4. Procedimiento de acuerdo con cualquiera de las reivindicaciones 1 a 3, caracterizado por que dicha suspensión celular se cultiva en medio celular que comprende factores de crecimiento, elegidos del grupo que comprende FGF, bFGF y/o EGF.

5. Procedimiento de acuerdo con cualquiera de las reivindicaciones 1 a 4, que comprende la etapa de seleccionar células no adherentes.

6. Procedimiento de acuerdo con la reivindicación 5, caracterizado por que dichas células no adherentes comprenden al menos un 90 % de células madre epiteliales.

7. Procedimiento de acuerdo con la reivindicación 5 o 6, que comprende la etapa de amplificar las células seleccionadas en condiciones adherentes.

8. Procedimiento de acuerdo con cualquiera de las reivindicaciones 1 a 7, caracterizado por que dicha composición celular comprende EpSC que expresan al menos un marcador molecular elegido del grupo de CD29, CD44, CD49f, CD90, Ki67, p63 y caseína cinasa 2p y/o son negativas para el marcador molecular CD105, Wide CK, PAN CK y/o CK18.

9. Composición celular que comprende al menos un 90 % de EpSC viables derivadas de la capa epidérmica de piel de mamífero, caracterizada por que dichas células madre expresan p63 y al menos un marcador molecular elegido del grupo de CD29, CD44, CD49f, CD90, Ki67 y caseína cinasa 2p y por lo que dichas EpSC son negativas para al menos un marcador molecular seleccionado de CD105, CK18, Pan CK y/o Wide CK.

10. Composición celular de acuerdo con la reivindicación 9, caracterizada por que dichas células madre epiteliales comprenden un diámetro de entre 5 y 150 pm, más preferentemente entre 10 y 100 pm.

11. La composición celular de acuerdo con cualquiera de las reivindicaciones 9 a 10 para su uso en el tratamiento de lesiones de tejidos y/u órganos y/o para la regeneración de tejidos y/u órganos.

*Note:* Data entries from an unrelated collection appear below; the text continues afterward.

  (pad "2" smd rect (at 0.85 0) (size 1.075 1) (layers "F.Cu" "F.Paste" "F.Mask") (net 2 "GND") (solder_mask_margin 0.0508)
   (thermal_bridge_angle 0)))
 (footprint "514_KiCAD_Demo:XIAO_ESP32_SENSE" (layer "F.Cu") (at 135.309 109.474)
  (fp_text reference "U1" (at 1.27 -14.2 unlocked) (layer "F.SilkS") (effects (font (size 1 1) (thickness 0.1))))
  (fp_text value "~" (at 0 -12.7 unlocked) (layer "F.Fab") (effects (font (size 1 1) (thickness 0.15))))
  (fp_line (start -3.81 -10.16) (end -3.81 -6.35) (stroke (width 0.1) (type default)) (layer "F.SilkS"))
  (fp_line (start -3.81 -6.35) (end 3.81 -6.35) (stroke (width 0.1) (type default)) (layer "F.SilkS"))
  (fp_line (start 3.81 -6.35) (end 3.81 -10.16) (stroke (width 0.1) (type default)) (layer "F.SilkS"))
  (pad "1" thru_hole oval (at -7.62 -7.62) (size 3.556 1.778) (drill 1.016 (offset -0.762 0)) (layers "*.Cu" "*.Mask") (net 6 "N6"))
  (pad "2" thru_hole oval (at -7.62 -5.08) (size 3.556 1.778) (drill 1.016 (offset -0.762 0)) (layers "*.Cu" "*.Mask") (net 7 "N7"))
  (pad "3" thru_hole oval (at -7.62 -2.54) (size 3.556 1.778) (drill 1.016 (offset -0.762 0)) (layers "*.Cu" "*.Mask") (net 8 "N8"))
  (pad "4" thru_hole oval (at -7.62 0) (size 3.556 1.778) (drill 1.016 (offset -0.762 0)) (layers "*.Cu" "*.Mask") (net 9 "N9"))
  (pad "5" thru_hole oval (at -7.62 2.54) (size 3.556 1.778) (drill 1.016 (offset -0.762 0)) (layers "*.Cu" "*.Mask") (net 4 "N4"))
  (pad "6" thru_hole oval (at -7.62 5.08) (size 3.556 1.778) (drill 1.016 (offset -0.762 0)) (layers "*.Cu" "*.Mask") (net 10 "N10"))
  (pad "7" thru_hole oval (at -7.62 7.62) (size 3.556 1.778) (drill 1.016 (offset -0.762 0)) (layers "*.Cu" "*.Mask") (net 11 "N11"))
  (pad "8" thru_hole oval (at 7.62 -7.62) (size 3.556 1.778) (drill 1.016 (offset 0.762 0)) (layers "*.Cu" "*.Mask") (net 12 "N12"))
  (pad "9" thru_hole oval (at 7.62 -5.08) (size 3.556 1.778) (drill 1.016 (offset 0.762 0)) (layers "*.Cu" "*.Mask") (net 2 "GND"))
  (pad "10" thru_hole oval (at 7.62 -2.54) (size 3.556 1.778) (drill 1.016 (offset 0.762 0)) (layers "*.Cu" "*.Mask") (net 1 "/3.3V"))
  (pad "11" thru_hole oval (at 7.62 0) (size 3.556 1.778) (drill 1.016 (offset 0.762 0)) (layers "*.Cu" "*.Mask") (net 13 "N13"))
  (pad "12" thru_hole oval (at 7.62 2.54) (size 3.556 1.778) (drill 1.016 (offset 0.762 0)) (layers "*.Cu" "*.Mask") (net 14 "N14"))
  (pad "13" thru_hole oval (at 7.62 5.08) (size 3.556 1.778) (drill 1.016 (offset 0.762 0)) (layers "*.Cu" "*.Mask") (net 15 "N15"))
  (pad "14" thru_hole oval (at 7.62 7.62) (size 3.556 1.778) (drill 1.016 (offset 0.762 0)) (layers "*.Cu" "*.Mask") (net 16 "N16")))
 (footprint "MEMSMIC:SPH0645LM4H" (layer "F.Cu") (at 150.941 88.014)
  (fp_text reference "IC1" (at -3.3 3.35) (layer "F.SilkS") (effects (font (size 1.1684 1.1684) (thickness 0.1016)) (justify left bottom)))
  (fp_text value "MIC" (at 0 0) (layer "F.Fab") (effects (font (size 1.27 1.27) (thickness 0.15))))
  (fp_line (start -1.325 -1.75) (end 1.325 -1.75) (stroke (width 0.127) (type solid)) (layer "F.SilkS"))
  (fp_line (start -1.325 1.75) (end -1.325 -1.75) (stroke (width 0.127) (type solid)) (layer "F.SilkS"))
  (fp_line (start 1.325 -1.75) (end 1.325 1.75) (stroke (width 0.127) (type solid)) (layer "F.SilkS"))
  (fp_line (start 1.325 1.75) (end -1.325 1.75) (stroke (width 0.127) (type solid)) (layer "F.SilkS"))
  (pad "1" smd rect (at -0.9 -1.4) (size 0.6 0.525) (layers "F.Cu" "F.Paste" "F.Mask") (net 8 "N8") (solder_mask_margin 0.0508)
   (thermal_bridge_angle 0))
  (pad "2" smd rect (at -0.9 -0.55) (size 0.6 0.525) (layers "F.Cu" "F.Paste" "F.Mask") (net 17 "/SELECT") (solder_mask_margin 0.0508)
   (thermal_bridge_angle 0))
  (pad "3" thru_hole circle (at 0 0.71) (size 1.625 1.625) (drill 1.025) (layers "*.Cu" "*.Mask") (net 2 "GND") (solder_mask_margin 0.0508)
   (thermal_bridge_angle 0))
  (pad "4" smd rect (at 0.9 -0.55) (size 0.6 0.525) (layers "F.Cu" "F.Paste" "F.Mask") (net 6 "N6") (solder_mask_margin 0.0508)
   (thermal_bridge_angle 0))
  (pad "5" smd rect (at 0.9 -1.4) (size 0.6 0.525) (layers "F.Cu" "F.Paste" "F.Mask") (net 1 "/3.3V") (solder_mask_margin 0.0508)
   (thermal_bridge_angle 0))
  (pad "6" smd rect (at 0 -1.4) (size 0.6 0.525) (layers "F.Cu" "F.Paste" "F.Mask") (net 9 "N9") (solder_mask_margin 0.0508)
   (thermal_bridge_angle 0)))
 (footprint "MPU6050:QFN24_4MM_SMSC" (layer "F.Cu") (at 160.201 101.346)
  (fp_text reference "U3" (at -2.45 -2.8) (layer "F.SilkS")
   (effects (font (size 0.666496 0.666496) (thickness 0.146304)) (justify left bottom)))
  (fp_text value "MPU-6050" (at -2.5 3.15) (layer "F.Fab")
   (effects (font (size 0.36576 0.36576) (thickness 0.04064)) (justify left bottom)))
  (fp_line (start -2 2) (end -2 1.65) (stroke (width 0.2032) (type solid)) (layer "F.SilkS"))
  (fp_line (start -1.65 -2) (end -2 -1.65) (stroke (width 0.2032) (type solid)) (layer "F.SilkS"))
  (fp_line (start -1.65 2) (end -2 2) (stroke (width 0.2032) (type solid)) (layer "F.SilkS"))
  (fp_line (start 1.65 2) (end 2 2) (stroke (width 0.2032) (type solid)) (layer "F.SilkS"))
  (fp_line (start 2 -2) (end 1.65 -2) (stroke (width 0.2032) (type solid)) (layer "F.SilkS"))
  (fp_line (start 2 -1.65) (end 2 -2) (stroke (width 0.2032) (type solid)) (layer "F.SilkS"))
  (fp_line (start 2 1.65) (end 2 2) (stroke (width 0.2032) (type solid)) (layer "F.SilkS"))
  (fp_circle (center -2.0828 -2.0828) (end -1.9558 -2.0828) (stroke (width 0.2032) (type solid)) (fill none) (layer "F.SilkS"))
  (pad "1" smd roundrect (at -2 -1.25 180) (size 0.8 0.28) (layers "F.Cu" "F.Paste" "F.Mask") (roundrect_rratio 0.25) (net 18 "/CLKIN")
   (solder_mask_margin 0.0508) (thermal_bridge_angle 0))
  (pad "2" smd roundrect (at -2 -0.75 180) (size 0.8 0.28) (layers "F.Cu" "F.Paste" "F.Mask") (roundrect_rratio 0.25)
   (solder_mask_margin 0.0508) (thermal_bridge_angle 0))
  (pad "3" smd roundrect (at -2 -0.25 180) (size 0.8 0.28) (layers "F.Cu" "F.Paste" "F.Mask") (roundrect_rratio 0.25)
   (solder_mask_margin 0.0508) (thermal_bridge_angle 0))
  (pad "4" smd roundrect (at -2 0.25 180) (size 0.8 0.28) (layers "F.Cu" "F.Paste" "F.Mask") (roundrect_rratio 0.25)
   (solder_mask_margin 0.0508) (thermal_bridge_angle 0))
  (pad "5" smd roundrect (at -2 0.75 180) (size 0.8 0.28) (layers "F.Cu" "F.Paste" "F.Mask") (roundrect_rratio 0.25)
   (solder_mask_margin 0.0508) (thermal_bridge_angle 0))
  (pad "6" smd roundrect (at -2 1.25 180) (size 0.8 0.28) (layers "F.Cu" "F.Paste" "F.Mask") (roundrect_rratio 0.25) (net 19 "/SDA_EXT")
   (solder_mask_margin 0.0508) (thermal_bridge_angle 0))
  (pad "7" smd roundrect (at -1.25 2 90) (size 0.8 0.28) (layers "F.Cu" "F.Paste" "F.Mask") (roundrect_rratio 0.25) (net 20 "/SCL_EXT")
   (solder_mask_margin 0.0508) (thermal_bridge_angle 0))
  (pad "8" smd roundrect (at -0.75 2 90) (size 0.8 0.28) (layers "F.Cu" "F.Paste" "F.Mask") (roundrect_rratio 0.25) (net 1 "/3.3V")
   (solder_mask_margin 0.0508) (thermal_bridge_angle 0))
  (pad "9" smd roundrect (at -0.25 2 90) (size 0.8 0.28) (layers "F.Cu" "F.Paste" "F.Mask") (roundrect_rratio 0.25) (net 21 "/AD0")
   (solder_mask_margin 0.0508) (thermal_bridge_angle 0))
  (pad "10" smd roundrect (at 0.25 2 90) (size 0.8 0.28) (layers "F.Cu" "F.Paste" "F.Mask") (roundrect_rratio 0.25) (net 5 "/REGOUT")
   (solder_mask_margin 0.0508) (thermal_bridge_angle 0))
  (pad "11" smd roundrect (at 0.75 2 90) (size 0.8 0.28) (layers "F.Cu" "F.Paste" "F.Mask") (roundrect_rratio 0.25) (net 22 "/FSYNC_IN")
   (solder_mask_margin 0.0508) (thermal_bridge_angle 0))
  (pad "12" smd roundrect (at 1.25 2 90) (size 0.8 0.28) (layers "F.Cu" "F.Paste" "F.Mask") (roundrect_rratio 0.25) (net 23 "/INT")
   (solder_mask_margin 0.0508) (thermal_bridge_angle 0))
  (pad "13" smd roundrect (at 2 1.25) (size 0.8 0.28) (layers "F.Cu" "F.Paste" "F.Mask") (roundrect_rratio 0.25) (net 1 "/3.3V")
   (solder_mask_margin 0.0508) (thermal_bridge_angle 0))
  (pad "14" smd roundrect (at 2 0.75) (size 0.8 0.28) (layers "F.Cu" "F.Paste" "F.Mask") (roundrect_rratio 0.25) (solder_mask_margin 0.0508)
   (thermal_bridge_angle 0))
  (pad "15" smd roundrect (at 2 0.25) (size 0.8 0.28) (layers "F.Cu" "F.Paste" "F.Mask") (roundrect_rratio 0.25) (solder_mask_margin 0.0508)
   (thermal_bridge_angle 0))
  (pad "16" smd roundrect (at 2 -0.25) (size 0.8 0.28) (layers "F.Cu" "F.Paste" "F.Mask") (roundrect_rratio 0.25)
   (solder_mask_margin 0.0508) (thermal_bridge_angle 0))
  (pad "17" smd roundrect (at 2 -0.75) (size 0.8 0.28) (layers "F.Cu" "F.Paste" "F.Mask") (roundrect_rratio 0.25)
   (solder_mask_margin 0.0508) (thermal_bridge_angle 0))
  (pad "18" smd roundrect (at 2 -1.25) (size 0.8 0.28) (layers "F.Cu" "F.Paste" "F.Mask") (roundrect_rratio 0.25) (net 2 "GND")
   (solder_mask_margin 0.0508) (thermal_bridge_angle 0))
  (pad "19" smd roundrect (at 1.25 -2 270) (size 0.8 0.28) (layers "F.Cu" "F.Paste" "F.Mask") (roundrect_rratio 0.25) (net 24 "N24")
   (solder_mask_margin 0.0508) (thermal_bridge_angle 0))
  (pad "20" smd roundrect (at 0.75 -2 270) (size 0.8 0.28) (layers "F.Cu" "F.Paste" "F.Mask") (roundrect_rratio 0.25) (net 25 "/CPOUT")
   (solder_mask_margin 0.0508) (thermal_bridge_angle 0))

12. La composición celular para su uso de acuerdo con la reivindicación 11, por lo que dichas EpSC se diferencian hacia queratinocitos, adipocitos o miofibroblastos antes de dicho tratamiento o regeneración.

13. Epidermoesferas que comprenden EpSC, dichas EpSC expresan p63 y al menos un marcador molecular elegido del grupo de CD29, CD44, CD49f, CD90, Ki67 y caseína cinasa 2p y por lo que dichas EpSC son nega tivas para al menos un marcador molecular seleccionado de CD105, CK18, Pan CK y/o Wide CK, por lo que dichas epidermoesferas forman cuerpos esféricos con un radio entre 10 y 1000 pm.

14. Epidermoesferas de acuerdo con la reivindicación 13, por lo que dichas epidermoesferas comprenden de 2 a 50 EpSC por epidermoesfera el día 7 del cultivo.